By CARS Members & Visitors
In order to assist with construction and recycling, our September meeting was a Radio and Electronics Tabletop Sale. Having not had one for a few years, Colin G0TRM coordinated the promotion effort and it was well attended by both sellers and buyers.
All sorts of Amateur, Audio, Electrical/Electronic, Photographic, Computer and associated equipment items were on offer and some were speedily snapped up in the first few minutes of the 7.30 start time. Many other items also disappeared, but only of course after due deliberation in some cases. Judging by the smiles on some faces a few members were very pleased with their evening outing. We were very pleased to welcome members from other Clubs in the area and we had sellers from Ipswich, from Epping and from London.
Bargains galore! (Photo by Murray G6JYB)
Sale organiser Colin G0TRM and Raffle Organiser Carl G3PEM (Photos by John G8DET)
Happy Punters! - Marc G0TOC and Steve G4GHO
An enjoyable evening for various CARS members
Packing up - anyone want a teapot? (Photo by Murray G6JYB)

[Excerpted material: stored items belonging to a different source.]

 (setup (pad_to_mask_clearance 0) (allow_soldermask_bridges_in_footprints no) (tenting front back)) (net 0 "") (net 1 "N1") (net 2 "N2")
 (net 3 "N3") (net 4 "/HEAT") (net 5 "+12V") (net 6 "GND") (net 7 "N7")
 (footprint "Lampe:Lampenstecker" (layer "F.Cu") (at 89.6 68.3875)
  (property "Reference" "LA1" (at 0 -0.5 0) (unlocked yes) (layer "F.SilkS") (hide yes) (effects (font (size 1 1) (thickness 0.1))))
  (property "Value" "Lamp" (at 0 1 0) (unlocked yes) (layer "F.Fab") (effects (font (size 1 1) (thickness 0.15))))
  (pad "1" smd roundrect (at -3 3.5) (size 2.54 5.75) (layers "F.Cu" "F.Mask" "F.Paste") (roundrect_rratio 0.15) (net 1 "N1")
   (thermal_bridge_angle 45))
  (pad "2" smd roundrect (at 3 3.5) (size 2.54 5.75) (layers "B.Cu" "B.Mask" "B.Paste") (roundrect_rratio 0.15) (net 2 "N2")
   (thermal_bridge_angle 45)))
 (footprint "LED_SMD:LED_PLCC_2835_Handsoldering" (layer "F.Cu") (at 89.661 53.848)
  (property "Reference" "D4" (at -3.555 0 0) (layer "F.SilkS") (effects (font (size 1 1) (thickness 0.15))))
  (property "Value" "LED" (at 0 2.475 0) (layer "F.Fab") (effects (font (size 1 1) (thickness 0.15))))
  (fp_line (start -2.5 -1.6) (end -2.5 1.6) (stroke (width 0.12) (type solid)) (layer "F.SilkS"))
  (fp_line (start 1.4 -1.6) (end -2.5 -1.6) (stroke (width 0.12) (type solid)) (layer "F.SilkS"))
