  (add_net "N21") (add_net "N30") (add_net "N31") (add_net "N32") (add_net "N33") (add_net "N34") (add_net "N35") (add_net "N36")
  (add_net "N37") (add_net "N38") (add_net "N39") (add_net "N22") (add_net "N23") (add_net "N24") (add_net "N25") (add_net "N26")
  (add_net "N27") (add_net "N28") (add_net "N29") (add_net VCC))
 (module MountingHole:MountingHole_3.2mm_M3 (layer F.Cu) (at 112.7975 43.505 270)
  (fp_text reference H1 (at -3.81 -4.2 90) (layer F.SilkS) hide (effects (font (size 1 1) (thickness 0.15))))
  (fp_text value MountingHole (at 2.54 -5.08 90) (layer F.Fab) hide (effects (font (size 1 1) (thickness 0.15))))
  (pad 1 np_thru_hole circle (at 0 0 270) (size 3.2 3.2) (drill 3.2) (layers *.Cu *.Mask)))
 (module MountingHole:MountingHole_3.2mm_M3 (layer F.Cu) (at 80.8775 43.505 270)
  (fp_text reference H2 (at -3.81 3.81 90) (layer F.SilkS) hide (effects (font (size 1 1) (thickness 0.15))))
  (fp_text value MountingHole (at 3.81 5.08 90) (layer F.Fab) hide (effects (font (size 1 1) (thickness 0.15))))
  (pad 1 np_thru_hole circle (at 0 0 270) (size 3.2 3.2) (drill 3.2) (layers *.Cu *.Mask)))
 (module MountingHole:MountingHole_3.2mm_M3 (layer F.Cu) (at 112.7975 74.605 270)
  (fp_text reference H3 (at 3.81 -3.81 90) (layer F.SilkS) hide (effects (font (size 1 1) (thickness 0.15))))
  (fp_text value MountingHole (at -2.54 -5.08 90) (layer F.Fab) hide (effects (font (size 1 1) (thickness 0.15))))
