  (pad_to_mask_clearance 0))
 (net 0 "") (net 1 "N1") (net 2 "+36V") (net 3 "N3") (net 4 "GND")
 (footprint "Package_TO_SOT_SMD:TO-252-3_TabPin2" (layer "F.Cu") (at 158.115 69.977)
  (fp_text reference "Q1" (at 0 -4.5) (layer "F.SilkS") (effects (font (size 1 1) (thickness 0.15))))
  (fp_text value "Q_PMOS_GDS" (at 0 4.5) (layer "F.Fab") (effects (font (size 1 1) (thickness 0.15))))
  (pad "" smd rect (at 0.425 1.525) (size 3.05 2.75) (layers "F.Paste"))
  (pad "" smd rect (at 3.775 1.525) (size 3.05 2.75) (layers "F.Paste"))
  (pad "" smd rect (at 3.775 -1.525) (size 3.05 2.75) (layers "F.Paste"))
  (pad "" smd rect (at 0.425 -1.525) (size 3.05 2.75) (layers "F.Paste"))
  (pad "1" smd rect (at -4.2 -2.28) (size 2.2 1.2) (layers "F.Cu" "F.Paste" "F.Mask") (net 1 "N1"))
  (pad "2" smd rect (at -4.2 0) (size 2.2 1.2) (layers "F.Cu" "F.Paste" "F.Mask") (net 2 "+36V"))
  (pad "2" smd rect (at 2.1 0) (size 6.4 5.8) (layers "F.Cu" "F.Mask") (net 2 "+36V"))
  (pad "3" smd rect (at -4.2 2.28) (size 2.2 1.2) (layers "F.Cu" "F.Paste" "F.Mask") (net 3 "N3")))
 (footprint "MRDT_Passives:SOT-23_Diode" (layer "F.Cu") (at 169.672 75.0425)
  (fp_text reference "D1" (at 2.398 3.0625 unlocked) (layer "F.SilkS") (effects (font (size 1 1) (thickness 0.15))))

Thanks to CARS members who booked tables, to those who purchased things, to David and Myra for refreshments, to Carl for the successful raffle and to Chris G0IPU as master of ceremonies. Overall, sufficient funds were raised to more than cover expenses. We were asked if we would be holding a similar event next year. It's a little too early to give an answer, as we had sold our crystal ball earlier in the evening...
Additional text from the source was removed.